He played his “fiddle hot,” loyally followed his ideals, pandered to none, and was both patriot and protester in the land of the free. Charles “Charlie” Daniels, 83, died the morning of July 6 from a hemorrhagic stroke. A multi-instrumentalist, he was skilled on the mandolin, guitar, banjo, and fiddle. As a lauded Nashville session musician, with gospel, country, and bluegrass roots, creator of well-known solo works, and writer of well-reviewed books, Daniels will never be forgotten.
In 1955, the young musician hit the road after graduating high school, finding his way to the country music scene in Nashville. His early years in the country music capital were akin to taking friendly fire. As he once said, “It was a tough move for a while. And it took a while to get anything going.”
But he finally did, and, boy, did his brand and style come along at the right time.
When Fame Came
Daniels soon became a go-to guy in the music industry. He played back-up for the Marshall Tucker Band and fiddle for Hank Williams Jr. But he finally emerged front and center with his 1975 Billboard hit Uneasy Rider, a play on the movie Easy Rider. Daniels’ catchy tune highlights the burgeoning rift between traditional Southern living and the 1960s counterculture of weed and civil uprising. The song’s story is relayed by a long-haired, dope-smoking hippie who ends up in a small Southern bar filled with good ol’ boys.

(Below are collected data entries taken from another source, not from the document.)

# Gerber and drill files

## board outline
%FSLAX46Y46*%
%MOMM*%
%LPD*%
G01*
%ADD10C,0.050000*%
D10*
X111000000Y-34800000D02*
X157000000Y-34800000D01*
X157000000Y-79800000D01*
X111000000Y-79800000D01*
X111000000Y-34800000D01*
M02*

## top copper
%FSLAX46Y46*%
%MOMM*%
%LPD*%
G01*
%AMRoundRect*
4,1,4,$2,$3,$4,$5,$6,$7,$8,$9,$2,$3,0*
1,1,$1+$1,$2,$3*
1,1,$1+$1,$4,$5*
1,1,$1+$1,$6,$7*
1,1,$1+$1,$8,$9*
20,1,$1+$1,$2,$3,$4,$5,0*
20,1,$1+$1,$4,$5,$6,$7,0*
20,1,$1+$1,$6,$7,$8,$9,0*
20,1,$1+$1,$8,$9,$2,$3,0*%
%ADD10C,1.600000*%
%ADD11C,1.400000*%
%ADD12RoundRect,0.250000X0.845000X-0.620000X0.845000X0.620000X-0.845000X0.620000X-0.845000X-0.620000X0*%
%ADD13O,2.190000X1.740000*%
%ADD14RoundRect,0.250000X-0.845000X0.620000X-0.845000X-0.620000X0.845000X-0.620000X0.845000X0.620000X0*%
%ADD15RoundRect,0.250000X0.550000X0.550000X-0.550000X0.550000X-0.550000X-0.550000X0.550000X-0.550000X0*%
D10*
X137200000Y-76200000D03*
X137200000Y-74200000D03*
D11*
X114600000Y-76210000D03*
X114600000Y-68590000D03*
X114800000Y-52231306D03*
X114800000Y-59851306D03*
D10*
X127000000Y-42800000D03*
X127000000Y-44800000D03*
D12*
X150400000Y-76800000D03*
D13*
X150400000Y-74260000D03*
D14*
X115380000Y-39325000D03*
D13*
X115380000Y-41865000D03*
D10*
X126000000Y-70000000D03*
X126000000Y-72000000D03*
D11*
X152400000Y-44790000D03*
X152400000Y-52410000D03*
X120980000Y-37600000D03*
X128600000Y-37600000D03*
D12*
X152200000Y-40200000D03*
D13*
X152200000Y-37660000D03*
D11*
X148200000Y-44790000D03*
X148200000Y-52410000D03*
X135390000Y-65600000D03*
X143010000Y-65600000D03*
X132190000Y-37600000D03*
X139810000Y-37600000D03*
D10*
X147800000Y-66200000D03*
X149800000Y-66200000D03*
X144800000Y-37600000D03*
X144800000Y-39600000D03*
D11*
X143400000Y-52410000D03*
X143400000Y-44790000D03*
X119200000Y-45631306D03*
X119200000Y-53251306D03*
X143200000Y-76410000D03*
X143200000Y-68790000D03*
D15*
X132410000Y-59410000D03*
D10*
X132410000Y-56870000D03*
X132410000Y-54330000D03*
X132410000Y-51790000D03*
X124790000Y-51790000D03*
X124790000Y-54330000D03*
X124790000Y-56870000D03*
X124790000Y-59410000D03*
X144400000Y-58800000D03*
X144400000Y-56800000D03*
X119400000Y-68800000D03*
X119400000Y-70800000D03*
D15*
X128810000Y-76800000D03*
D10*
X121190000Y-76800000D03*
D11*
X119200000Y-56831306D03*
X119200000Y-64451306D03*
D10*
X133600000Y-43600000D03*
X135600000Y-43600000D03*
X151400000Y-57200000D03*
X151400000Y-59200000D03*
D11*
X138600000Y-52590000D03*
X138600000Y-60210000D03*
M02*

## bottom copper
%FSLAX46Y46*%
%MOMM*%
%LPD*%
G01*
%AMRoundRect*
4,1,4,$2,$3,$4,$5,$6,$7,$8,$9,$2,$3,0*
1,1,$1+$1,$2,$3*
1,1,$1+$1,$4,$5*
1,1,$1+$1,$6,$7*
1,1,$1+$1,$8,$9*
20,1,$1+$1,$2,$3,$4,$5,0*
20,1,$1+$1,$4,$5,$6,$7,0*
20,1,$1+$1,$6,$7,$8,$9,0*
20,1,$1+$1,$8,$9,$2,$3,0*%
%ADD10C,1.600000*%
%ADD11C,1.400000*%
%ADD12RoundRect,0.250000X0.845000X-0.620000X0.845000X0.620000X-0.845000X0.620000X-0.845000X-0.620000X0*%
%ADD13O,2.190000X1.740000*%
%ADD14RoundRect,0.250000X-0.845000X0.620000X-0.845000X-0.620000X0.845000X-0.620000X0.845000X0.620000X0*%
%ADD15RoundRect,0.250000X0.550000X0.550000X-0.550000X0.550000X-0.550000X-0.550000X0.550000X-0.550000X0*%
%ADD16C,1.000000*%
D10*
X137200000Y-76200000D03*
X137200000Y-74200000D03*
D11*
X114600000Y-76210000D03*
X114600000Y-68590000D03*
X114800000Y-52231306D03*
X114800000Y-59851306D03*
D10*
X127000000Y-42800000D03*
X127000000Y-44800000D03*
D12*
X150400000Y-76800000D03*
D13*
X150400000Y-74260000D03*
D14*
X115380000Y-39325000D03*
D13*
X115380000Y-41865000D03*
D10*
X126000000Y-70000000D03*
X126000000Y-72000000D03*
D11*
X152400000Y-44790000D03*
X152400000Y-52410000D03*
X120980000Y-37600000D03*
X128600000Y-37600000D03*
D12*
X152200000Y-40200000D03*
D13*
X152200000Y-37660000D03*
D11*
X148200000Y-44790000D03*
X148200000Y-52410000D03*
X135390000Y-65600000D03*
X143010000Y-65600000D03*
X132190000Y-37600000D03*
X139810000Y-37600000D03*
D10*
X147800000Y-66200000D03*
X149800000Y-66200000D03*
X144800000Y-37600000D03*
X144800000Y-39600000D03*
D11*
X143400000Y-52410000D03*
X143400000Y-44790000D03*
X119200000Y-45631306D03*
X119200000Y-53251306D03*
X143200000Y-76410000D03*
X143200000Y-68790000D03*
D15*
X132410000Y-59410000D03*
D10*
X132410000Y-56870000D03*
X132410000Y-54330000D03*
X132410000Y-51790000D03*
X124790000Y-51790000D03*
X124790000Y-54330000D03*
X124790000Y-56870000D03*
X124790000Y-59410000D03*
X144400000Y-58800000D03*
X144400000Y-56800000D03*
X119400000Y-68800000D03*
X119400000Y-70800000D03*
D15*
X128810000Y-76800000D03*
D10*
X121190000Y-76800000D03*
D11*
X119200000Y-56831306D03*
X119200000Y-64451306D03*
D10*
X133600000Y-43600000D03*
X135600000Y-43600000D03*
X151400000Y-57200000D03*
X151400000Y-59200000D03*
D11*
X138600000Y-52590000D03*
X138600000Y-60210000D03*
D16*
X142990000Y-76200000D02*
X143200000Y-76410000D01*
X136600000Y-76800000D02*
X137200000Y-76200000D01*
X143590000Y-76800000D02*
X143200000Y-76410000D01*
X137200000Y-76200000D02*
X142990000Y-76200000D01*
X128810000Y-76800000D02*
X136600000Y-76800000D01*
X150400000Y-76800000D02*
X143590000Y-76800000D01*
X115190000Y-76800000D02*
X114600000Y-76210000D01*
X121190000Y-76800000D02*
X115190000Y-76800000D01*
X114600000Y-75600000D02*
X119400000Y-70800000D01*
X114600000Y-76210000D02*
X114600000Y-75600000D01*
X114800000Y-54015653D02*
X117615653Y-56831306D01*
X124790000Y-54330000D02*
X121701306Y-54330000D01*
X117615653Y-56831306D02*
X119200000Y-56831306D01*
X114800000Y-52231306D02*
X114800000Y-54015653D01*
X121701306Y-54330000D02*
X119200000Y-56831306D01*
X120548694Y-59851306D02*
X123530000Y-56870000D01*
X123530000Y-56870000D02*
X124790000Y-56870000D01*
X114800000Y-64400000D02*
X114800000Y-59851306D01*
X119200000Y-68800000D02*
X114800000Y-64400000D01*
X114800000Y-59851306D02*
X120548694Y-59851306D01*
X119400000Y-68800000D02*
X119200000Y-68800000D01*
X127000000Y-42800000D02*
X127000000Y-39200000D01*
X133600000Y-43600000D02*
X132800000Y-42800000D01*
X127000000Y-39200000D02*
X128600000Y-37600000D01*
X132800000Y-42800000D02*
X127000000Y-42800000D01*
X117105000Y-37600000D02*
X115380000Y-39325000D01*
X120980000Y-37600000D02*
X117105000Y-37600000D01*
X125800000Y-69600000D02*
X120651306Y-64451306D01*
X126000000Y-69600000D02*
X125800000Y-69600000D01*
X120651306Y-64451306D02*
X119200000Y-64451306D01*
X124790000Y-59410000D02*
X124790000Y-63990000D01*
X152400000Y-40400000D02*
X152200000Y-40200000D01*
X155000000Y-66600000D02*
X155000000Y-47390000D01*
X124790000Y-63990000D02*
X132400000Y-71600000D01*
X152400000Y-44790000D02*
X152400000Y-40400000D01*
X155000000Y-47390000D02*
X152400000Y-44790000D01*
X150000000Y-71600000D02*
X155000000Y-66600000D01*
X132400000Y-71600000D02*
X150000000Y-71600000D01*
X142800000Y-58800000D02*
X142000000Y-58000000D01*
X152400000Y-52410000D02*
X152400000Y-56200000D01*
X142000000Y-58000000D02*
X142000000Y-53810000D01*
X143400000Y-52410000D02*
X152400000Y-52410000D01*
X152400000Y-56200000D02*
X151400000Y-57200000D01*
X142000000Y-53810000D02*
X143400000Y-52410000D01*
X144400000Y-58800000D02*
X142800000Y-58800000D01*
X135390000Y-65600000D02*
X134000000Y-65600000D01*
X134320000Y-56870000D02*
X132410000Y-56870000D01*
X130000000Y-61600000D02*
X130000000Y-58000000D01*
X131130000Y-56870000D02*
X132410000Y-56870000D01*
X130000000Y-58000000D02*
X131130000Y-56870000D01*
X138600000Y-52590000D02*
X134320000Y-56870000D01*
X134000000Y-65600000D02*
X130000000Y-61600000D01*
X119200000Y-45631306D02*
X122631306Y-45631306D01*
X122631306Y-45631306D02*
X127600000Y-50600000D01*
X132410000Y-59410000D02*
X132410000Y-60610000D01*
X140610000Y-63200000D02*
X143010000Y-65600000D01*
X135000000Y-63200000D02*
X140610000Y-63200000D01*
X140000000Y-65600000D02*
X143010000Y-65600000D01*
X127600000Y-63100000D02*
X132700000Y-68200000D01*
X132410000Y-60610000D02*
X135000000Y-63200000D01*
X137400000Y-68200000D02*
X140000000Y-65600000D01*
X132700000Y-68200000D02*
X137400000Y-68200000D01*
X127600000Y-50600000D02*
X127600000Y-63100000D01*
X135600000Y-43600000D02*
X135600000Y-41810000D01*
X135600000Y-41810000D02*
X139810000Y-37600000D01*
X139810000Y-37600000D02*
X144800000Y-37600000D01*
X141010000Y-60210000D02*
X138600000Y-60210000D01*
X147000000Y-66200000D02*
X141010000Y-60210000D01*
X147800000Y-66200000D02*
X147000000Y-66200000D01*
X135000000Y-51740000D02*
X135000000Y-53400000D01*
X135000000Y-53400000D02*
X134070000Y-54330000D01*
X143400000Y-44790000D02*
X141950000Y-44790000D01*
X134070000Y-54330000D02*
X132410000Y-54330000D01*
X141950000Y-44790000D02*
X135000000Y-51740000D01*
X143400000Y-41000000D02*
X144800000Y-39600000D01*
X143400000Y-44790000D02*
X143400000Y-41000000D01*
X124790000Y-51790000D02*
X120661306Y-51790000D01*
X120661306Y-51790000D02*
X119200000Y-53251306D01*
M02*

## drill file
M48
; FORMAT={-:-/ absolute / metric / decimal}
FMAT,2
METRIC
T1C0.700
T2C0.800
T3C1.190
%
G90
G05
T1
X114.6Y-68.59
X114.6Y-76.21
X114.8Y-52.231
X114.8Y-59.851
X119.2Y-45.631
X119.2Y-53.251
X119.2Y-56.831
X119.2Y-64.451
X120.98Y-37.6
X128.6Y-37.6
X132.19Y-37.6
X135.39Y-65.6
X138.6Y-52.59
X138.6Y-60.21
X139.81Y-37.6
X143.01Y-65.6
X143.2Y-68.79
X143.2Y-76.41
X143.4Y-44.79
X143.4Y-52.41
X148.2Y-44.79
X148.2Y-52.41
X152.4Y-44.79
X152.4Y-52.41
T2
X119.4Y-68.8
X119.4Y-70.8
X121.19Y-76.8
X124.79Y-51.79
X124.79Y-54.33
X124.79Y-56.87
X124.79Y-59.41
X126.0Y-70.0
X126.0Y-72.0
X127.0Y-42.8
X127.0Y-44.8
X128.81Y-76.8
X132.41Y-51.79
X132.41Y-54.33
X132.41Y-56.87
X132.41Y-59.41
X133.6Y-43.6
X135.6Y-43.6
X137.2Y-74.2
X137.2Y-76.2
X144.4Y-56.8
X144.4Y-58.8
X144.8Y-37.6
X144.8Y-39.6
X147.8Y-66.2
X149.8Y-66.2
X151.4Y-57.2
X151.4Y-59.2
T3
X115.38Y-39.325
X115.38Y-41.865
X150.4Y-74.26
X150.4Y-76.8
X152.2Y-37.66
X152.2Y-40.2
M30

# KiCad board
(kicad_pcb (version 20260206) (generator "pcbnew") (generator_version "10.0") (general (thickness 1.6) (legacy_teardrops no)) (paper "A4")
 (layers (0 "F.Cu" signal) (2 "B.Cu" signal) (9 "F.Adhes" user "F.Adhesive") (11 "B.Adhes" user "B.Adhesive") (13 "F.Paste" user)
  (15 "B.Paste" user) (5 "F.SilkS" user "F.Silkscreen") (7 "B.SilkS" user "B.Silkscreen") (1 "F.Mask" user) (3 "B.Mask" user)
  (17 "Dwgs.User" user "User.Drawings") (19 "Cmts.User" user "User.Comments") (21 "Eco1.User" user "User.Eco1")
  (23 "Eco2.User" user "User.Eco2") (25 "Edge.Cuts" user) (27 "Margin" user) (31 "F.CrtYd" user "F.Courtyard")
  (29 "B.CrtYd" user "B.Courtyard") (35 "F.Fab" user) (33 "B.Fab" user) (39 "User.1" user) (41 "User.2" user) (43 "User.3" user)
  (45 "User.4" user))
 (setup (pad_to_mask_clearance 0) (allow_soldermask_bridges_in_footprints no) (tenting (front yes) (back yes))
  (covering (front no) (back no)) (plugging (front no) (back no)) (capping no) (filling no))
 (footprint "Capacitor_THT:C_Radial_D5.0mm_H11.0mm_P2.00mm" (layer "F.Cu") (at 137.2 76.2 90)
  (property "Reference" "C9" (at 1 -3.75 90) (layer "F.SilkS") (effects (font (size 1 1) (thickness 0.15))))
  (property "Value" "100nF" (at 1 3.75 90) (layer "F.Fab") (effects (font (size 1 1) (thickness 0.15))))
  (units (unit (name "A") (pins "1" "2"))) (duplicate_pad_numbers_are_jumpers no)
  (pad "1" thru_hole circle (at 0 0 90) (size 1.6 1.6) (drill 0.8) (layers "*.Cu" "*.Mask") (remove_unused_layers no) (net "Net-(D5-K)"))
  (pad "2" thru_hole circle (at 2 0 90) (size 1.6 1.6) (drill 0.8) (layers "*.Cu" "*.Mask") (remove_unused_layers no) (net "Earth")))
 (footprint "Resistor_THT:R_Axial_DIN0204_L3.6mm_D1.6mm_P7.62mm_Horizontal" (layer "F.Cu") (at 114.6 76.21 90)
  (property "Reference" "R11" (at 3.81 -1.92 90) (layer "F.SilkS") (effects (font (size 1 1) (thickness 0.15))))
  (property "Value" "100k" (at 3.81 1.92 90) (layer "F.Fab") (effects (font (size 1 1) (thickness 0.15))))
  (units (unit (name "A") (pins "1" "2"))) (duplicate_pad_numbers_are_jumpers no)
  (pad "1" thru_hole circle (at 0 0 90) (size 1.4 1.4) (drill 0.7) (layers "*.Cu" "*.Mask") (remove_unused_layers no) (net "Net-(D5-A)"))
  (pad "2" thru_hole circle (at 7.62 0 90) (size 1.4 1.4) (drill 0.7) (layers "*.Cu" "*.Mask") (remove_unused_layers no) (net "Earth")))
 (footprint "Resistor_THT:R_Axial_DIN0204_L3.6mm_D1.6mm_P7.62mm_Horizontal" (layer "F.Cu") (at 114.8 52.231306 -90)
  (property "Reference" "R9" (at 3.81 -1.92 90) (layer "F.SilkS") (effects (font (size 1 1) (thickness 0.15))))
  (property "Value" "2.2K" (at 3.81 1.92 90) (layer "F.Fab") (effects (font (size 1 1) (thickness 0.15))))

A slew of hits followed, including The South’s Gonna Do It Again, a much-misunderstood chart-topper, which was simply about Southern rock and country music rising from the ashes. He set the record straight in 1975: “I’m damn proud of the South, but I sure as hell am not proud of the Ku Klux Klan … I wrote the song about the land I love and my brothers. It was not written to promote hate groups.”
He also released a song that seemed to some in the country music world to be anti-American: Still in Saigon. This brought attention to the returning Vietnam soldier suffering from post-traumatic stress disorder.
But his primary hit, which crossed over from country into rock, The Devil Went Down to Georgia, was a Christian song about the challenge good people face daily with evil. Lyrics spin a tale of the Devil, behind in stealing souls, who attempts to bribe a young man into falling for a swift payday. But Good triumphs; the Devil, soundly beat, slinks away; Johnny keeps the golden fiddle. And Daniels now had an even broader audience for his beliefs and values.
For a man as successful as Daniels, he did have one professional regret. When asked if there was a musician he hadn’t worked with, he said, “BB King, hands down. I’d love to get up and jam with BB.” Perhaps that earthly wish is now coming true.
Politics and Rock
Daniels expressed his political views early on in his storytelling lyrics. But in 1976, he publicly supported mild-mannered Southerner Jimmy Carter for president — playing at the 1977 inauguration for the 39th president of the United States. By 1979, his respect for the peanut farmer from Georgia soured as the Iran hostage crisis went unresolved. With American lives in jeopardy, Daniels penned the lyrics to the song America to send a unifying message: “We’ll all stick together, and you can take that to the bank. That’s the cowboys, and the hippies, and the rebels and the yanks.”
He supported George W. Bush’s policies after the Towers fell on 9/11, yet in 2004 Daniels gave presidential candidate John Kerry a tip of the hat. Having not served in the military, Daniels deferred commenting against Kerry, his service record, or the Swift Boat veterans weighing in on Kerry’s leadership skills.
A Good Man
By all accounts, Daniels was a good man. A loving husband, an involved father, a friend and protector. Throughout his career, he earned several Grammy Awards, was inducted into the Country Music Hall of Fame, was invited into the Grand Ole Opry, and received countless accolades from industry peers and friends alike.
But Daniels’ most passionate work was for U.S. veterans — and most recently the move to house the homeless and treat the after-effects of war. His was a platform to serve the underserved.
Hazel, Charlie’s wife, and son Charles Daniels Jr. survive — as well as millions of friends and fans. And, much like the fiddling hero Johnny, the Devil, at Daniels’ passing, knew that he’d been beat — again. Daniels now has a golden fiddle at his feet, and it’s probable even the Devil himself mourns his loss, the “best that’s ever been.”